Dataset entries:
╔══

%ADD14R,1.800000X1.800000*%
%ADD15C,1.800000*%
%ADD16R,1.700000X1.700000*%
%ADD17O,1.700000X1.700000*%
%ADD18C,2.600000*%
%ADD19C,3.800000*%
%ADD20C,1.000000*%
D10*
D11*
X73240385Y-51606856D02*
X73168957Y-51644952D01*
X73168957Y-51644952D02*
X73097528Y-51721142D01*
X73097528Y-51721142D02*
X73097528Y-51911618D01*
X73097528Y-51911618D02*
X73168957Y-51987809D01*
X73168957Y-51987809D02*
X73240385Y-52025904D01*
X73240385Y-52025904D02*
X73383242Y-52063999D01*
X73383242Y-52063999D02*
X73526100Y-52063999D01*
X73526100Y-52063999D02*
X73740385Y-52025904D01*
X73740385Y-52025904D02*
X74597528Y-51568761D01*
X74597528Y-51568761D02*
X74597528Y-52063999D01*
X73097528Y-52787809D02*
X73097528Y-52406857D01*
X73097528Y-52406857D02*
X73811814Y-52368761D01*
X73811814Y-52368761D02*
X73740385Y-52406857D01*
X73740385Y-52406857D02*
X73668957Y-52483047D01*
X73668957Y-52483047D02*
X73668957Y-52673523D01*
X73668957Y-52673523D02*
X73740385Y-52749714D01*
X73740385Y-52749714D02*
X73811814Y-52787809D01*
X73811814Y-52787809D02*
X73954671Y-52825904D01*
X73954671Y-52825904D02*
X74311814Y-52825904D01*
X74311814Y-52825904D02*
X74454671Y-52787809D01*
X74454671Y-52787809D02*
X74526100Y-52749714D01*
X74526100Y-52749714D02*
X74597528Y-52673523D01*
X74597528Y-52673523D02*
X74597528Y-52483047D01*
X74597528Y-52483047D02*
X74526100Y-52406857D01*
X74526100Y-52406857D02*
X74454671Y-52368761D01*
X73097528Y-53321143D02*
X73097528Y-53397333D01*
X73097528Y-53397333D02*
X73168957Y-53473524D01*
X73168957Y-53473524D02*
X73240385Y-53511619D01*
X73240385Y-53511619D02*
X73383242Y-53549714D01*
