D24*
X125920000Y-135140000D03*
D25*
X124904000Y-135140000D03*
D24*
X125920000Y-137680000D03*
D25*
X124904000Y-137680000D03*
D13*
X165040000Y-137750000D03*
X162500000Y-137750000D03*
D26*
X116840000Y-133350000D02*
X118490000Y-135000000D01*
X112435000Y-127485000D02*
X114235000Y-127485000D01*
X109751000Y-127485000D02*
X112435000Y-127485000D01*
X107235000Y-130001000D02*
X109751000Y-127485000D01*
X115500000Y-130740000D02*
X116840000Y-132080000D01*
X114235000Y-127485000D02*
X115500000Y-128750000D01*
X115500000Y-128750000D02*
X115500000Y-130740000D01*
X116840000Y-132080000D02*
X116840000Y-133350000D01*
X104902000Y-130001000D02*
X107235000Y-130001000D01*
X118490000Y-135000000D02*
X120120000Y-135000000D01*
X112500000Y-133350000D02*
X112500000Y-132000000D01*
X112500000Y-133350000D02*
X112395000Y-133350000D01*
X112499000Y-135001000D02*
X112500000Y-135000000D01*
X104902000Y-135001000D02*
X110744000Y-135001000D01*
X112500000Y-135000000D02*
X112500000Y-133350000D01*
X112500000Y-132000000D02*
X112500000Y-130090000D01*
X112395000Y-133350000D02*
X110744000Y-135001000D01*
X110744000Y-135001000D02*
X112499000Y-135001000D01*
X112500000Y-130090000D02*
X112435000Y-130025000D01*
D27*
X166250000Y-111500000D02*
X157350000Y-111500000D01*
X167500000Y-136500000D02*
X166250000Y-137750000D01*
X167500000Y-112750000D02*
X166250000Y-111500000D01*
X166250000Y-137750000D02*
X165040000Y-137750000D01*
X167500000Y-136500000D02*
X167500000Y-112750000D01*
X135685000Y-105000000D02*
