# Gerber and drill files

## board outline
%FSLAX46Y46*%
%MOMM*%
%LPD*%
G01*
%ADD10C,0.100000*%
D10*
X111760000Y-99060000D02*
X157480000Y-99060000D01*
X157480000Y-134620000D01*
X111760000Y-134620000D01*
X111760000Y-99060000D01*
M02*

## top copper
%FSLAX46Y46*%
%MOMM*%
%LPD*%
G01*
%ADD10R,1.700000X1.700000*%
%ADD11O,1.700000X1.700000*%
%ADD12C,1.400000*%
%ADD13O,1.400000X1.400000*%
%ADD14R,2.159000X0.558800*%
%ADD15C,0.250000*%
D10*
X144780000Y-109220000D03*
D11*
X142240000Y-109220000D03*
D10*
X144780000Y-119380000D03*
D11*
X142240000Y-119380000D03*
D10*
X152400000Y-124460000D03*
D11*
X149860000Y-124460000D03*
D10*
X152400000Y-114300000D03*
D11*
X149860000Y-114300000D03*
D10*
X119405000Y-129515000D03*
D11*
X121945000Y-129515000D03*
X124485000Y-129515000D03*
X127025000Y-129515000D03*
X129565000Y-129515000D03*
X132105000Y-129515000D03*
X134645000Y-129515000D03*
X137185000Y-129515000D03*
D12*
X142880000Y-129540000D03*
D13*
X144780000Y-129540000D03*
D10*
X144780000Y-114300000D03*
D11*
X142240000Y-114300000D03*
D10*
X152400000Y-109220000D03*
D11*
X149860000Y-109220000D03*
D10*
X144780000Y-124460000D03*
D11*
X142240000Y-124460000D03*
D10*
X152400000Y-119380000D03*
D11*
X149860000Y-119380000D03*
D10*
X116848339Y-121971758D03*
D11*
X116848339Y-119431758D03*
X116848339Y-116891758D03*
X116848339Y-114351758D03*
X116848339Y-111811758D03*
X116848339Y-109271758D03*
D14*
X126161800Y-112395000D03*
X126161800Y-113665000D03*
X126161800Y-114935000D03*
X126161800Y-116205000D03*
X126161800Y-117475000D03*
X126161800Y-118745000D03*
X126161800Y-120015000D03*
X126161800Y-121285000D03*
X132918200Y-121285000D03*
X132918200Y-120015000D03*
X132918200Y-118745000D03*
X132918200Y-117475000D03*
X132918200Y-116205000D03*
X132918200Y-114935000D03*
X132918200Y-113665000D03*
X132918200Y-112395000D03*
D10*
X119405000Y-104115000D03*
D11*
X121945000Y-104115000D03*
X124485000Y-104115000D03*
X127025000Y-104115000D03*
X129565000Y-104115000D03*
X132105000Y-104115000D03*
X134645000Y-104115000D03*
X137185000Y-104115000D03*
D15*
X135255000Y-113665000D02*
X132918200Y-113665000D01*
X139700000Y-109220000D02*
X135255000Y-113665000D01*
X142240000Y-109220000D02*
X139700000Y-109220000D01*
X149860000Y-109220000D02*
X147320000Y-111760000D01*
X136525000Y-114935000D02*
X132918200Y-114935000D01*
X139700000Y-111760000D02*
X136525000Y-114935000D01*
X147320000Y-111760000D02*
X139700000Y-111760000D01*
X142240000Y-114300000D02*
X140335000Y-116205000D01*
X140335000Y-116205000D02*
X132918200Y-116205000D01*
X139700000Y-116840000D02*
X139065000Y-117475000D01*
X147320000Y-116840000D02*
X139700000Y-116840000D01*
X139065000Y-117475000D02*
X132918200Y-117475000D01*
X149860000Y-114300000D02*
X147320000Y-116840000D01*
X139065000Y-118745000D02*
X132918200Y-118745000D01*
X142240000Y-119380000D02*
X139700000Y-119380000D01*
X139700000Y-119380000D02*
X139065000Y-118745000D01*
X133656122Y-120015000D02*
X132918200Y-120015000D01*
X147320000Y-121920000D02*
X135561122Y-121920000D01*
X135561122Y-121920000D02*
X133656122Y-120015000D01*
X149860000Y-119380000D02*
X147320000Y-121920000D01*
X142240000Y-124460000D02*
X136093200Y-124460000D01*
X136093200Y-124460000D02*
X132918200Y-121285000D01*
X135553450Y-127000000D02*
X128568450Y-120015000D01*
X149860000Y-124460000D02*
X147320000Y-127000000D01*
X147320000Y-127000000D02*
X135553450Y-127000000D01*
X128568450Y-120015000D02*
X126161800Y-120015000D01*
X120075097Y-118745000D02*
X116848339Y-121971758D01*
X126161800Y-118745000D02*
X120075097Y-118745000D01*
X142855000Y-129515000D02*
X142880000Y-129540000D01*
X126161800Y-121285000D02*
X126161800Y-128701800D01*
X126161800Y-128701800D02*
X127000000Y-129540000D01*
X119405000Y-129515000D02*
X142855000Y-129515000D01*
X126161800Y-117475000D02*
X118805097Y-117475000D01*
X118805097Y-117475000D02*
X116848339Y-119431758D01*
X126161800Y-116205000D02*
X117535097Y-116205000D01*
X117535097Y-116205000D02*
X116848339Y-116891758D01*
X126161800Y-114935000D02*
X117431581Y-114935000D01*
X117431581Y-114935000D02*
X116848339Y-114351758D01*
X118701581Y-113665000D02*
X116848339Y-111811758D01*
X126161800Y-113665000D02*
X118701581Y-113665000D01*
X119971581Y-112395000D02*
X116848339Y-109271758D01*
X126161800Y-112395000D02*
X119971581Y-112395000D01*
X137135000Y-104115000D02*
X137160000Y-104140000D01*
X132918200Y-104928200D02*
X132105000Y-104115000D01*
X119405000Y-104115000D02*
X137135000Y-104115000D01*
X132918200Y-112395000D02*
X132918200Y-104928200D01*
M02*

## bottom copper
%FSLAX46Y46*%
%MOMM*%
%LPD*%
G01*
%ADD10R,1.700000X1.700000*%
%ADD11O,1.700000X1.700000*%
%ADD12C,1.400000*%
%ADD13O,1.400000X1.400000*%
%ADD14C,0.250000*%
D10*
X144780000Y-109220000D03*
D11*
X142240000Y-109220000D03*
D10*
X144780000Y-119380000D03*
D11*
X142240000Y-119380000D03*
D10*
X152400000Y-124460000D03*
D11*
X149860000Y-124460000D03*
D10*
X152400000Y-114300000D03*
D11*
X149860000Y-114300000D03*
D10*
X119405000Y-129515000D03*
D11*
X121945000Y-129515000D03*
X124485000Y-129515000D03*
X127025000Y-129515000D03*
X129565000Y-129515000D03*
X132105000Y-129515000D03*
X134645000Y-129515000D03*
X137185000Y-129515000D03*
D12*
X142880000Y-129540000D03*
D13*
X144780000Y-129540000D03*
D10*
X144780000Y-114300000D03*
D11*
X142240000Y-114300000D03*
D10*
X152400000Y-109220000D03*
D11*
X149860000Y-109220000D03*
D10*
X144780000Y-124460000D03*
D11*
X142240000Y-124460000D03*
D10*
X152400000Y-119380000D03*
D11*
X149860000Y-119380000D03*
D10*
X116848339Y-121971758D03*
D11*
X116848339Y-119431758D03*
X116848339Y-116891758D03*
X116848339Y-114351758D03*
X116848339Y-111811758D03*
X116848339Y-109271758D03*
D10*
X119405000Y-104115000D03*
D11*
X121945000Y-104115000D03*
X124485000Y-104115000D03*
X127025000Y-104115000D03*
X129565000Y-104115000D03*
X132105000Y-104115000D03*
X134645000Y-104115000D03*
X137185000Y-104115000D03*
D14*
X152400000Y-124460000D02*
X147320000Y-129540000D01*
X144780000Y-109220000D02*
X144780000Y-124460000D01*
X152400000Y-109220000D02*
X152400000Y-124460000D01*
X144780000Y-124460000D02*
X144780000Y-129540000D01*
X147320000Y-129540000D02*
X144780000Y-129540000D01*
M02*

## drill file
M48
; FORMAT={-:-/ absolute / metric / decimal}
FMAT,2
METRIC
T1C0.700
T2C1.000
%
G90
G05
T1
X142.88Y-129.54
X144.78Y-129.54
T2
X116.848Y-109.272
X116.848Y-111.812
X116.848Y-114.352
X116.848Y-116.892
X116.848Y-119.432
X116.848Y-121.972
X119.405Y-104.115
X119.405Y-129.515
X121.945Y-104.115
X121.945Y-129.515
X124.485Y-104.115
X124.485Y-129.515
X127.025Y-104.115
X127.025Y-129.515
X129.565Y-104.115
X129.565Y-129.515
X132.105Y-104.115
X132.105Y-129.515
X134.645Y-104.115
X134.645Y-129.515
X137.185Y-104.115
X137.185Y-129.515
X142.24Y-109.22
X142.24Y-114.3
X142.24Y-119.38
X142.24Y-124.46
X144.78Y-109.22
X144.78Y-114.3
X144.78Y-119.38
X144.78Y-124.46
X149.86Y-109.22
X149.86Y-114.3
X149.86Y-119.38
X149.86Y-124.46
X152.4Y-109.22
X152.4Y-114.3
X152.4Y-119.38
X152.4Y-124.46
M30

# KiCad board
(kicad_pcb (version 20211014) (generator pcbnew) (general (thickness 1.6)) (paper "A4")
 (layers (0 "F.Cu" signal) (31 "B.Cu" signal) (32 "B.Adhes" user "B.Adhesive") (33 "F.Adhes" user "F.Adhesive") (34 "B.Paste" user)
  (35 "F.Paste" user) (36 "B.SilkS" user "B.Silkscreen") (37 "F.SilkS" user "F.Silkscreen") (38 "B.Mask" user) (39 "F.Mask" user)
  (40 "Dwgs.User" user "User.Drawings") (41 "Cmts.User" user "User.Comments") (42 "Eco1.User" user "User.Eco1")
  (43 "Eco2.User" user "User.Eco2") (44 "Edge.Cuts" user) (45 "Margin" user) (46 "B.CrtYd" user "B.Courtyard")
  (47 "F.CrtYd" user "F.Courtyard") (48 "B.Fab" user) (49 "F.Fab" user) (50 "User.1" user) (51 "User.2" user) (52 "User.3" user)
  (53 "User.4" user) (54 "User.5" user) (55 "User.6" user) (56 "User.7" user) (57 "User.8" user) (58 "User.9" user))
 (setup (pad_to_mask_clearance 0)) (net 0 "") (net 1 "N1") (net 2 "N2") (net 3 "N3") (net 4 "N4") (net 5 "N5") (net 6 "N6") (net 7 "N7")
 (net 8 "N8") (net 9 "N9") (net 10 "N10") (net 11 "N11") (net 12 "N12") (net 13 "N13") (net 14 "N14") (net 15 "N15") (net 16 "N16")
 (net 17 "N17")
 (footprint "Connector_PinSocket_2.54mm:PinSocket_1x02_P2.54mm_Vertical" (layer "F.Cu") (at 144.78 109.22 -90)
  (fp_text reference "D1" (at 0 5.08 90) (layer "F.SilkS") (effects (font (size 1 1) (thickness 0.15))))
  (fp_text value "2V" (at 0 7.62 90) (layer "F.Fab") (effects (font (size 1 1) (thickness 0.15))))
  (pad "1" thru_hole rect (at 0 0 270) (size 1.7 1.7) (drill 1) (layers *.Cu *.Mask) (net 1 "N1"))
  (pad "2" thru_hole oval (at 0 2.54 270) (size 1.7 1.7) (drill 1) (layers *.Cu *.Mask) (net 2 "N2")))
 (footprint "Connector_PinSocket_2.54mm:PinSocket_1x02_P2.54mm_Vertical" (layer "F.Cu") (at 144.78 119.38 -90)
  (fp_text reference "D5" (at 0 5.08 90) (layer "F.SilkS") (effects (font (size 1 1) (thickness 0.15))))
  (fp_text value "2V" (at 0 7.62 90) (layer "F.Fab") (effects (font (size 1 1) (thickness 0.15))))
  (pad "1" thru_hole rect (at 0 0 270) (size 1.7 1.7) (drill 1) (layers *.Cu *.Mask) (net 1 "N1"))
  (pad "2" thru_hole oval (at 0 2.54 270) (size 1.7 1.7) (drill 1) (layers *.Cu *.Mask) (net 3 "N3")))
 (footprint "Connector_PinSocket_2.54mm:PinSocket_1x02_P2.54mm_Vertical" (layer "F.Cu") (at 152.4 124.46 -90)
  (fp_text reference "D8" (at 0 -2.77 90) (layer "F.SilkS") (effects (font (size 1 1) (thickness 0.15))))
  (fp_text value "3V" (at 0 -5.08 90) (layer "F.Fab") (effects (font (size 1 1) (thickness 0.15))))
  (pad "1" thru_hole rect (at 0 0 270) (size 1.7 1.7) (drill 1) (layers *.Cu *.Mask) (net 1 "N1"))
  (pad "2" thru_hole oval (at 0 2.54 270) (size 1.7 1.7) (drill 1) (layers *.Cu *.Mask) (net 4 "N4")))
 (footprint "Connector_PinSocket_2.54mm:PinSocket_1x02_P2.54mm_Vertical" (layer "F.Cu") (at 152.4 114.3 -90)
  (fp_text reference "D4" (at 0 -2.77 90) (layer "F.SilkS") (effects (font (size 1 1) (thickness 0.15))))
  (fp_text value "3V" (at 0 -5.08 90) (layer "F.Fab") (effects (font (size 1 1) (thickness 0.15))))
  (pad "1" thru_hole rect (at 0 0 270) (size 1.7 1.7) (drill 1) (layers *.Cu *.Mask) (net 1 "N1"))
  (pad "2" thru_hole oval (at 0 2.54 270) (size 1.7 1.7) (drill 1) (layers *.Cu *.Mask) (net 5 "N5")))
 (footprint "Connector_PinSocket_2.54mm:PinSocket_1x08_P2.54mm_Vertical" (layer "F.Cu") (at 119.405 129.515 90)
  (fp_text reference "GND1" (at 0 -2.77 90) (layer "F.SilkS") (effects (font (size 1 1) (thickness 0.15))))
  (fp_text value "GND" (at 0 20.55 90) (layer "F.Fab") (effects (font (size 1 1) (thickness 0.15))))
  (pad "1" thru_hole rect (at 0 0 90) (size 1.7 1.7) (drill 1) (layers *.Cu *.Mask) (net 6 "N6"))
  (pad "2" thru_hole oval (at 0 2.54 90) (size 1.7 1.7) (drill 1) (layers *.Cu *.Mask) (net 6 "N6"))
  (pad "3" thru_hole oval (at 0 5.08 90) (size 1.7 1.7) (drill 1) (layers *.Cu *.Mask) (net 6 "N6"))
  (pad "4" thru_hole oval (at 0 7.62 90) (size 1.7 1.7) (drill 1) (layers *.Cu *.Mask) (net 6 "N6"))
  (pad "5" thru_hole oval (at 0 10.16 90) (size 1.7 1.7) (drill 1) (layers *.Cu *.Mask) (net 6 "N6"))
  (pad "6" thru_hole oval (at 0 12.7 90) (size 1.7 1.7) (drill 1) (layers *.Cu *.Mask) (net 6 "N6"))
  (pad "7" thru_hole oval (at 0 15.24 90) (size 1.7 1.7) (drill 1) (layers *.Cu *.Mask) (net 6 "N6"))
  (pad "8" thru_hole oval (at 0 17.78 90) (size 1.7 1.7) (drill 1) (layers *.Cu *.Mask) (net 6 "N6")))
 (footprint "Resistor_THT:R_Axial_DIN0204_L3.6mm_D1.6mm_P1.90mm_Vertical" (layer "F.Cu") (at 142.88 129.54)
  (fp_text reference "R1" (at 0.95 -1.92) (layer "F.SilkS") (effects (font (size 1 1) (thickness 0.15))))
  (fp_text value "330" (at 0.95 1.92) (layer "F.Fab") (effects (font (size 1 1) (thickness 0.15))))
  (pad "1" thru_hole circle (at 0 0) (size 1.4 1.4) (drill 0.7) (layers *.Cu *.Mask) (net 6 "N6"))
  (pad "2" thru_hole oval (at 1.9 0) (size 1.4 1.4) (drill 0.7) (layers *.Cu *.Mask) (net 1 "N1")))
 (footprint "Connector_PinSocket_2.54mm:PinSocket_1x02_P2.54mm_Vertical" (layer "F.Cu") (at 144.78 114.3 -90)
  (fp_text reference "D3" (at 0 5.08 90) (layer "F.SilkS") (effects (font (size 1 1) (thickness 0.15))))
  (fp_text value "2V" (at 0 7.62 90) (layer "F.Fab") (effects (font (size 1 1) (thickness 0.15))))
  (pad "1" thru_hole rect (at 0 0 270) (size 1.7 1.7) (drill 1) (layers *.Cu *.Mask) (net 1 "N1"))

╚══

• [Exercise objective]: Look above and repeat, character for character, the lines from the first one to the line with "X116840000Y-133350000D01*", counting both.

• [Problem solution]:
%ADD14R,1.800000X1.800000*%
%ADD15C,1.800000*%
%ADD16R,1.700000X1.700000*%
%ADD17O,1.700000X1.700000*%
%ADD18C,2.600000*%
%ADD19C,3.800000*%
%ADD20C,1.000000*%
D10*
D11*
X73240385Y-51606856D02*
X73168957Y-51644952D01*
X73168957Y-51644952D02*
X73097528Y-51721142D01*
X73097528Y-51721142D02*
X73097528Y-51911618D01*
X73097528Y-51911618D02*
X73168957Y-51987809D01*
X73168957Y-51987809D02*
X73240385Y-52025904D01*
X73240385Y-52025904D02*
X73383242Y-52063999D01*
X73383242Y-52063999D02*
X73526100Y-52063999D01*
X73526100Y-52063999D02*
X73740385Y-52025904D01*
X73740385Y-52025904D02*
X74597528Y-51568761D01*
X74597528Y-51568761D02*
X74597528Y-52063999D01*
X73097528Y-52787809D02*
X73097528Y-52406857D01*
X73097528Y-52406857D02*
X73811814Y-52368761D01*
X73811814Y-52368761D02*
X73740385Y-52406857D01*
X73740385Y-52406857D02*
X73668957Y-52483047D01*
X73668957Y-52483047D02*
X73668957Y-52673523D01*
X73668957Y-52673523D02*
X73740385Y-52749714D01*
X73740385Y-52749714D02*
X73811814Y-52787809D01*
X73811814Y-52787809D02*
X73954671Y-52825904D01*
X73954671Y-52825904D02*
X74311814Y-52825904D01*
X74311814Y-52825904D02*
X74454671Y-52787809D01*
X74454671Y-52787809D02*
X74526100Y-52749714D01*
X74526100Y-52749714D02*
X74597528Y-52673523D01*
X74597528Y-52673523D02*
X74597528Y-52483047D01*
X74597528Y-52483047D02*
X74526100Y-52406857D01*
X74526100Y-52406857D02*
X74454671Y-52368761D01*
X73097528Y-53321143D02*
X73097528Y-53397333D01*
X73097528Y-53397333D02*
X73168957Y-53473524D01*
X73168957Y-53473524D02*
X73240385Y-53511619D01*
X73240385Y-53511619D02*
X73383242Y-53549714D01*
D24*
X125920000Y-135140000D03*
D25*
X124904000Y-135140000D03*
D24*
X125920000Y-137680000D03*
D25*
X124904000Y-137680000D03*
D13*
X165040000Y-137750000D03*
X162500000Y-137750000D03*
D26*
X116840000Y-133350000D02*
X118490000Y-135000000D01*
X112435000Y-127485000D02*
X114235000Y-127485000D01*
X109751000Y-127485000D02*
X112435000Y-127485000D01*
X107235000Y-130001000D02*
X109751000Y-127485000D01*
X115500000Y-130740000D02*
X116840000Y-132080000D01*
X114235000Y-127485000D02*
X115500000Y-128750000D01*
X115500000Y-128750000D02*
X115500000Y-130740000D01*
X116840000Y-132080000D02*
X116840000Y-133350000D01*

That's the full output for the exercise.